RIP Dennis Hopper

May 29, 2010 at 10:41 pm (mainstream, Uncategorized)

From Mtv:

Actor Dennis Hopper — star of “Easy Rider,” “Blue Velvet,” “Giant” and many other films — died Saturday of prostate cancer at his Los Angeles-area home, according to The Associated Press. He was 74.

The two-time Academy Award nominee, who announced through a manager in the fall of 2009 that he had been diagnosed with the disease, was surrounded by family and friends at the time of his death, friend Alex Hitz told the AP.

The actor directed, co-wrote and starred in directed 1969’s “Easy Rider,” perhaps the most memorable film of his wildly erratic, nearly six-decade-long career.

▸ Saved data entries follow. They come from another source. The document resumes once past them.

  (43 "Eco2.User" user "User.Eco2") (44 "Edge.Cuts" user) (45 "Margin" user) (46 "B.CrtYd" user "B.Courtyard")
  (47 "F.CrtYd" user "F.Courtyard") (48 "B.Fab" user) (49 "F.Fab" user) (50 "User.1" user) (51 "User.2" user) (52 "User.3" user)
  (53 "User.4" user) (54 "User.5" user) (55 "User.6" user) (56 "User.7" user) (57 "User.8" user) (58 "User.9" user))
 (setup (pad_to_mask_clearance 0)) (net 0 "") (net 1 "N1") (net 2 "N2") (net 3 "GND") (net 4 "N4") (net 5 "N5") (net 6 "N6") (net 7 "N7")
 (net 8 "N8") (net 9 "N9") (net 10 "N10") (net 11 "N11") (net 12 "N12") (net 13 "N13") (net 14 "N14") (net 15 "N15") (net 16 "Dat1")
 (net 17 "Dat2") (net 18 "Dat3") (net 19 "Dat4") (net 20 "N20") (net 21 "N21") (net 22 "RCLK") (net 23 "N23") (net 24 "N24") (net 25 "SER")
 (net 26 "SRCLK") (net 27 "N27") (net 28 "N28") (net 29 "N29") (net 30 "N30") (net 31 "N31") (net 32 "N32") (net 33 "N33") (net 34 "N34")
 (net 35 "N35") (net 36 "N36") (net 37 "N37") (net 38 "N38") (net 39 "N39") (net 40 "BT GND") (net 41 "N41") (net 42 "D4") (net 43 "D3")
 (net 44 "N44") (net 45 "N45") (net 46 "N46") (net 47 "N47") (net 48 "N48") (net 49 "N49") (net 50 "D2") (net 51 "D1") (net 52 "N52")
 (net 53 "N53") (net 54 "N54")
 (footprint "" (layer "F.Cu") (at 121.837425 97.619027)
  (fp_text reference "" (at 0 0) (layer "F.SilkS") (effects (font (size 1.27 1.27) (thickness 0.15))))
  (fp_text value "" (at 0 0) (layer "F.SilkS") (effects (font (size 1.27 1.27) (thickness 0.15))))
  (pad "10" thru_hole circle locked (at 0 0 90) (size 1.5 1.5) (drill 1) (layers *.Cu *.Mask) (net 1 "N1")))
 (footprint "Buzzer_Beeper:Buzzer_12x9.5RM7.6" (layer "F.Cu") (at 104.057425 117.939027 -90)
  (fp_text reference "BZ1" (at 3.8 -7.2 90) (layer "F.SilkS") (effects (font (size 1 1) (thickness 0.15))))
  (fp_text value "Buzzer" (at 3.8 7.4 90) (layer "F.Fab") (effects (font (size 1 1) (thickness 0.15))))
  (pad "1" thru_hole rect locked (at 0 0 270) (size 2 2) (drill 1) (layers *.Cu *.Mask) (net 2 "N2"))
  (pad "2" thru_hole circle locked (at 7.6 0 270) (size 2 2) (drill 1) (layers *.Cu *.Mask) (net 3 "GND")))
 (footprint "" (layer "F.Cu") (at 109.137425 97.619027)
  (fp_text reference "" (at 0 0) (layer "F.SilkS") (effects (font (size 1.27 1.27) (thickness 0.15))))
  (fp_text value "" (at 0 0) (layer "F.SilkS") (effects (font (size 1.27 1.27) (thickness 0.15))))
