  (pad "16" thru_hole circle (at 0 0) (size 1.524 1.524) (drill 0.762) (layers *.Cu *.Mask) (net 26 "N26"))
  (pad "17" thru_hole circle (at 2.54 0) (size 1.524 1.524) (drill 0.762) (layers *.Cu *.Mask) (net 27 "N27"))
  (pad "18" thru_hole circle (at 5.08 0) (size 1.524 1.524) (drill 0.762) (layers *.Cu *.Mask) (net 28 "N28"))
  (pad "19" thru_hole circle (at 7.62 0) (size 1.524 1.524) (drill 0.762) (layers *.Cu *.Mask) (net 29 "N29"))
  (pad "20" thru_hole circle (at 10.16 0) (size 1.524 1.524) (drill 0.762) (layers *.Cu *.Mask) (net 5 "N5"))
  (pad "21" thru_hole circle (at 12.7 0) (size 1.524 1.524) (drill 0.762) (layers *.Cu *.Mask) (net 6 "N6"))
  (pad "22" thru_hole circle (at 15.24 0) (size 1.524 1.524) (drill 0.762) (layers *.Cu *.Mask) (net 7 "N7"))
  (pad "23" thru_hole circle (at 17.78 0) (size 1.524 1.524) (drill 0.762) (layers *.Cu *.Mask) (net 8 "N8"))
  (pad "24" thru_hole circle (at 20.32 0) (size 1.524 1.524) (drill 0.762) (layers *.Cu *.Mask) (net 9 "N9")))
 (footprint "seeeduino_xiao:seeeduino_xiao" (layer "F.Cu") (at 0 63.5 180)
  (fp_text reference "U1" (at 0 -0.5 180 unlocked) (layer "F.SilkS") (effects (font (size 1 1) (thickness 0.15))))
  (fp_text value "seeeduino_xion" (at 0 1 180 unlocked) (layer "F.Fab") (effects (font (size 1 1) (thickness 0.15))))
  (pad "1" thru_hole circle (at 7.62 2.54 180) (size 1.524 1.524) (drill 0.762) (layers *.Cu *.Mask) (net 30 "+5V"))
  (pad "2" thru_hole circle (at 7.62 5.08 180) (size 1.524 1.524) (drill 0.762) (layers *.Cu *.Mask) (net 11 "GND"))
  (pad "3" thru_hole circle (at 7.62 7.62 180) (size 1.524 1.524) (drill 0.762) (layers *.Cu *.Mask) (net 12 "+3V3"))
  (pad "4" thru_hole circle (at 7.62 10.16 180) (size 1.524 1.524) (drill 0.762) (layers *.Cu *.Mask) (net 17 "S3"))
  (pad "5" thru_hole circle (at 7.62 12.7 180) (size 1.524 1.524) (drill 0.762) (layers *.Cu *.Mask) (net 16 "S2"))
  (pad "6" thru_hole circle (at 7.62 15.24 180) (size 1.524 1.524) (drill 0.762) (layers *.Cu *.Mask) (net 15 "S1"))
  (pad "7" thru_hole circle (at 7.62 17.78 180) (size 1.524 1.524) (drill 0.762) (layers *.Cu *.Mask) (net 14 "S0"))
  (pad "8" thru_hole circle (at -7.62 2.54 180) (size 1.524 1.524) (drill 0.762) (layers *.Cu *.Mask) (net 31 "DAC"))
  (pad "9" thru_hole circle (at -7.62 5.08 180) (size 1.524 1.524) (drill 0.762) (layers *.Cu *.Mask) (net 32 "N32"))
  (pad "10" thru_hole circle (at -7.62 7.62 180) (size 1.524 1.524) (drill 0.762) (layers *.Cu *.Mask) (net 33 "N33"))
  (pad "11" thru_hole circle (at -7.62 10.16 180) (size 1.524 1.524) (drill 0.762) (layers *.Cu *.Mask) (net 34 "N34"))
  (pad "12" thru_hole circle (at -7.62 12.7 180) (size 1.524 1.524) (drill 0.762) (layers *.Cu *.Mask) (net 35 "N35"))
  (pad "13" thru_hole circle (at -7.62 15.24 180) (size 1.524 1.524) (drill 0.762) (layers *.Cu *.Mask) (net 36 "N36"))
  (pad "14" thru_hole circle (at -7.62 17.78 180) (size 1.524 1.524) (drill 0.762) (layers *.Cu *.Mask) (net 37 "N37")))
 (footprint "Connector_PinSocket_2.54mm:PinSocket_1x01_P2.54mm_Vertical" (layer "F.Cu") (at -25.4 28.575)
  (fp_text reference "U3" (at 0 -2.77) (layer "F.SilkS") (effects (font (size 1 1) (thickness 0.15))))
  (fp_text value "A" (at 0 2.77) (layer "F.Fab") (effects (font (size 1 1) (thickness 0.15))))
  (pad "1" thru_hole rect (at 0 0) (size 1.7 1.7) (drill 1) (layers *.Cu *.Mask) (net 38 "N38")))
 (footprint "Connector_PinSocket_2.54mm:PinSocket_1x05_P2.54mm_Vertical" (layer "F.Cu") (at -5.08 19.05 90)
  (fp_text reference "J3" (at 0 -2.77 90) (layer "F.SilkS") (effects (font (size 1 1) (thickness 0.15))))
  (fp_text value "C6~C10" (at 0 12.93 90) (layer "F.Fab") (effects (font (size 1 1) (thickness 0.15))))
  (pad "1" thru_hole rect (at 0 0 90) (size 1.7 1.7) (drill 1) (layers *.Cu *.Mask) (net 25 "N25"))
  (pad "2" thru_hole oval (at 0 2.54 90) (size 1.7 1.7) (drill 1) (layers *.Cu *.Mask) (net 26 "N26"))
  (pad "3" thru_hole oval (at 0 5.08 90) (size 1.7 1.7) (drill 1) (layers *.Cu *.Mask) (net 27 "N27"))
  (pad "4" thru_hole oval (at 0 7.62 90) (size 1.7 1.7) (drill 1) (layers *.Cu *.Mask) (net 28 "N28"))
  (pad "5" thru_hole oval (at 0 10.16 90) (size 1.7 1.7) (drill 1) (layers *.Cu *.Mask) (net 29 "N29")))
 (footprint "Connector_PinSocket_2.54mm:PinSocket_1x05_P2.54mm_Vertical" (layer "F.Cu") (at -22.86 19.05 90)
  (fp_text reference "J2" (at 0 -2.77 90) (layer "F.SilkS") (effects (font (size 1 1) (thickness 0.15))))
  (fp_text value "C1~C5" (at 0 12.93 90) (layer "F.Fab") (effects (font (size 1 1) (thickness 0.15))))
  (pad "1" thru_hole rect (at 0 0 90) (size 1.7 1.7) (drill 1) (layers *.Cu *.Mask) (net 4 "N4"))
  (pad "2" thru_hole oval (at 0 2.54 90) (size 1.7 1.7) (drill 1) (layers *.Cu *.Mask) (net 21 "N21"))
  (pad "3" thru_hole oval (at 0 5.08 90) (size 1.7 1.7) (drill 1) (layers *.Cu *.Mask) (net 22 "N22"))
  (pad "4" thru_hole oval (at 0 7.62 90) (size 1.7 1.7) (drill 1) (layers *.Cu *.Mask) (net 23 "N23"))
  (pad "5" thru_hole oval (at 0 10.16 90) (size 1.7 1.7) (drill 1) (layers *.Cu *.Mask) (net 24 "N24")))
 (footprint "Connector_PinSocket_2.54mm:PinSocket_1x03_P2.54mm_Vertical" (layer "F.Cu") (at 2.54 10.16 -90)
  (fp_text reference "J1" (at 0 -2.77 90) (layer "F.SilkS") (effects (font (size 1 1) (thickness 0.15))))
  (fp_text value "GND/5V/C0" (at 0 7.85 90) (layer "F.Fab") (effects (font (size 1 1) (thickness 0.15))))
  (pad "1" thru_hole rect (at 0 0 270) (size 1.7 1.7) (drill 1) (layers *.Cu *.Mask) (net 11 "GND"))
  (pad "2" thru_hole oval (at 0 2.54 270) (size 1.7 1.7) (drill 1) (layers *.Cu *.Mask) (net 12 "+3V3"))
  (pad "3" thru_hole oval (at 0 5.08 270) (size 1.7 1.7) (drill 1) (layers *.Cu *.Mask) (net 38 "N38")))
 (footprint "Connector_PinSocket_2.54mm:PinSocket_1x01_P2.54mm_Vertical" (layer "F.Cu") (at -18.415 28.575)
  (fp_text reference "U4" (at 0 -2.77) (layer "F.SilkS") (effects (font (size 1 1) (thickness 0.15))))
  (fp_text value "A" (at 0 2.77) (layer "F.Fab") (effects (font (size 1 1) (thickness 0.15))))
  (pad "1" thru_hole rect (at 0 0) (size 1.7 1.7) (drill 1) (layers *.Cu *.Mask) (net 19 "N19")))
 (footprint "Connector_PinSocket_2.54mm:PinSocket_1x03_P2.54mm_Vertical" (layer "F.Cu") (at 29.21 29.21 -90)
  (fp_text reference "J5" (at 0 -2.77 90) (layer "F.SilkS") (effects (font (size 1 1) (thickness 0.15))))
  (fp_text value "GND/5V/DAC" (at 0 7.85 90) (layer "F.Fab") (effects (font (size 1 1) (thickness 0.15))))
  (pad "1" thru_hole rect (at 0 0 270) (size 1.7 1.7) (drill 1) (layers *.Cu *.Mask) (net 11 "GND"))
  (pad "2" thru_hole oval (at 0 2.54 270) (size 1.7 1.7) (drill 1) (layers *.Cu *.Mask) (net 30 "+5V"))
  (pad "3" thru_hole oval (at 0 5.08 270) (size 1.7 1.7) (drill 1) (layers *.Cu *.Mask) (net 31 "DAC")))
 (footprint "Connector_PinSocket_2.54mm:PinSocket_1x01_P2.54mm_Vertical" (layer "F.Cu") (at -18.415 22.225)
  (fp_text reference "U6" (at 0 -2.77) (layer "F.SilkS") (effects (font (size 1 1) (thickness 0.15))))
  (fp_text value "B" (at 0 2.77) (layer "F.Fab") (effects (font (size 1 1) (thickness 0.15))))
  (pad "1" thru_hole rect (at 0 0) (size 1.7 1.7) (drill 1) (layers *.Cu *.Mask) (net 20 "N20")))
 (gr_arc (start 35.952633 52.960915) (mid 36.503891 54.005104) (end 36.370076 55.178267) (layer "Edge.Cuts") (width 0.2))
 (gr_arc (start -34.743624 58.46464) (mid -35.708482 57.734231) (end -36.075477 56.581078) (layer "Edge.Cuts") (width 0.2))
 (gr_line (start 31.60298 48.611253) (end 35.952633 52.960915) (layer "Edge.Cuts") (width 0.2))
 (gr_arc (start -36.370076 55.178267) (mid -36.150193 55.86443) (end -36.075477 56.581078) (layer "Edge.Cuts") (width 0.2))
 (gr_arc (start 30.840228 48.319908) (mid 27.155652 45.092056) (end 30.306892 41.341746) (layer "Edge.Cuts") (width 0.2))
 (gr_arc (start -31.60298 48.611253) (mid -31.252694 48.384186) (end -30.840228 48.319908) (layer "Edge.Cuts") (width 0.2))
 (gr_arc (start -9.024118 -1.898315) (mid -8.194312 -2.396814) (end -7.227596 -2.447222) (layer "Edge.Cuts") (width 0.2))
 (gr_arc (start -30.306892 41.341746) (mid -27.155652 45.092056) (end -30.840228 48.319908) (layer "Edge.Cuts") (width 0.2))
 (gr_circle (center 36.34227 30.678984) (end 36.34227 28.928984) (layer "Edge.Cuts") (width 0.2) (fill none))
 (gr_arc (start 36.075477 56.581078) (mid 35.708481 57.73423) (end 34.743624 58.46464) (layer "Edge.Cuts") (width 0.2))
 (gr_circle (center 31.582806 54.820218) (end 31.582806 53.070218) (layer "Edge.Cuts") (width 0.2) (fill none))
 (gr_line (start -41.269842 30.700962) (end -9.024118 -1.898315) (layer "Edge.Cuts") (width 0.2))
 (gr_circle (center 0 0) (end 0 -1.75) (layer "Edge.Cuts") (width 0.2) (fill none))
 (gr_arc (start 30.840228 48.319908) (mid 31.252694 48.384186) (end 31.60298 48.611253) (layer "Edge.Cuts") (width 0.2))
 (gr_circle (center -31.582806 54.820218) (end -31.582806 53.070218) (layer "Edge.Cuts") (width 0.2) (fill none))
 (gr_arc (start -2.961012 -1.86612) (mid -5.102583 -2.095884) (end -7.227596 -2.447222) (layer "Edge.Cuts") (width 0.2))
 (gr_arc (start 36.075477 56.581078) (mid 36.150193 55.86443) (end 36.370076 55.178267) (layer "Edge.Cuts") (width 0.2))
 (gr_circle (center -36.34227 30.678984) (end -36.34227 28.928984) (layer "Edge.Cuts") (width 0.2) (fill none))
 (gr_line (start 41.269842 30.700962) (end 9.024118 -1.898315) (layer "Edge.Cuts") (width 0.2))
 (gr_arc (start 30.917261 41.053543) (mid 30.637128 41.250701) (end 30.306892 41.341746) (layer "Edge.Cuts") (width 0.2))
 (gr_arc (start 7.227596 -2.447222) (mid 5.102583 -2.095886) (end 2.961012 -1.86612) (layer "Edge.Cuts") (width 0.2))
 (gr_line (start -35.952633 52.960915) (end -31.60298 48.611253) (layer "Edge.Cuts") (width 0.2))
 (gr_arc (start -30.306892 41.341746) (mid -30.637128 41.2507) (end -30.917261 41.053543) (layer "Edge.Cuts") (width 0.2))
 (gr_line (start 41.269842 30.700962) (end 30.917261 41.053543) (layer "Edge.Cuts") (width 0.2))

In that classic, generation-defining film — which also established Jack Nicholson as a major star — he and Peter Fonda played motorcycle-riding hippies “in search of America.” The film was a Hollywood success story; it was produced for less than $500,000 and ultimately earned in excess of $40 million. “Easy Rider” also earned two Academy Award nominations, including a shared screenplay nod for Hopper, Fonda and Terry Southern.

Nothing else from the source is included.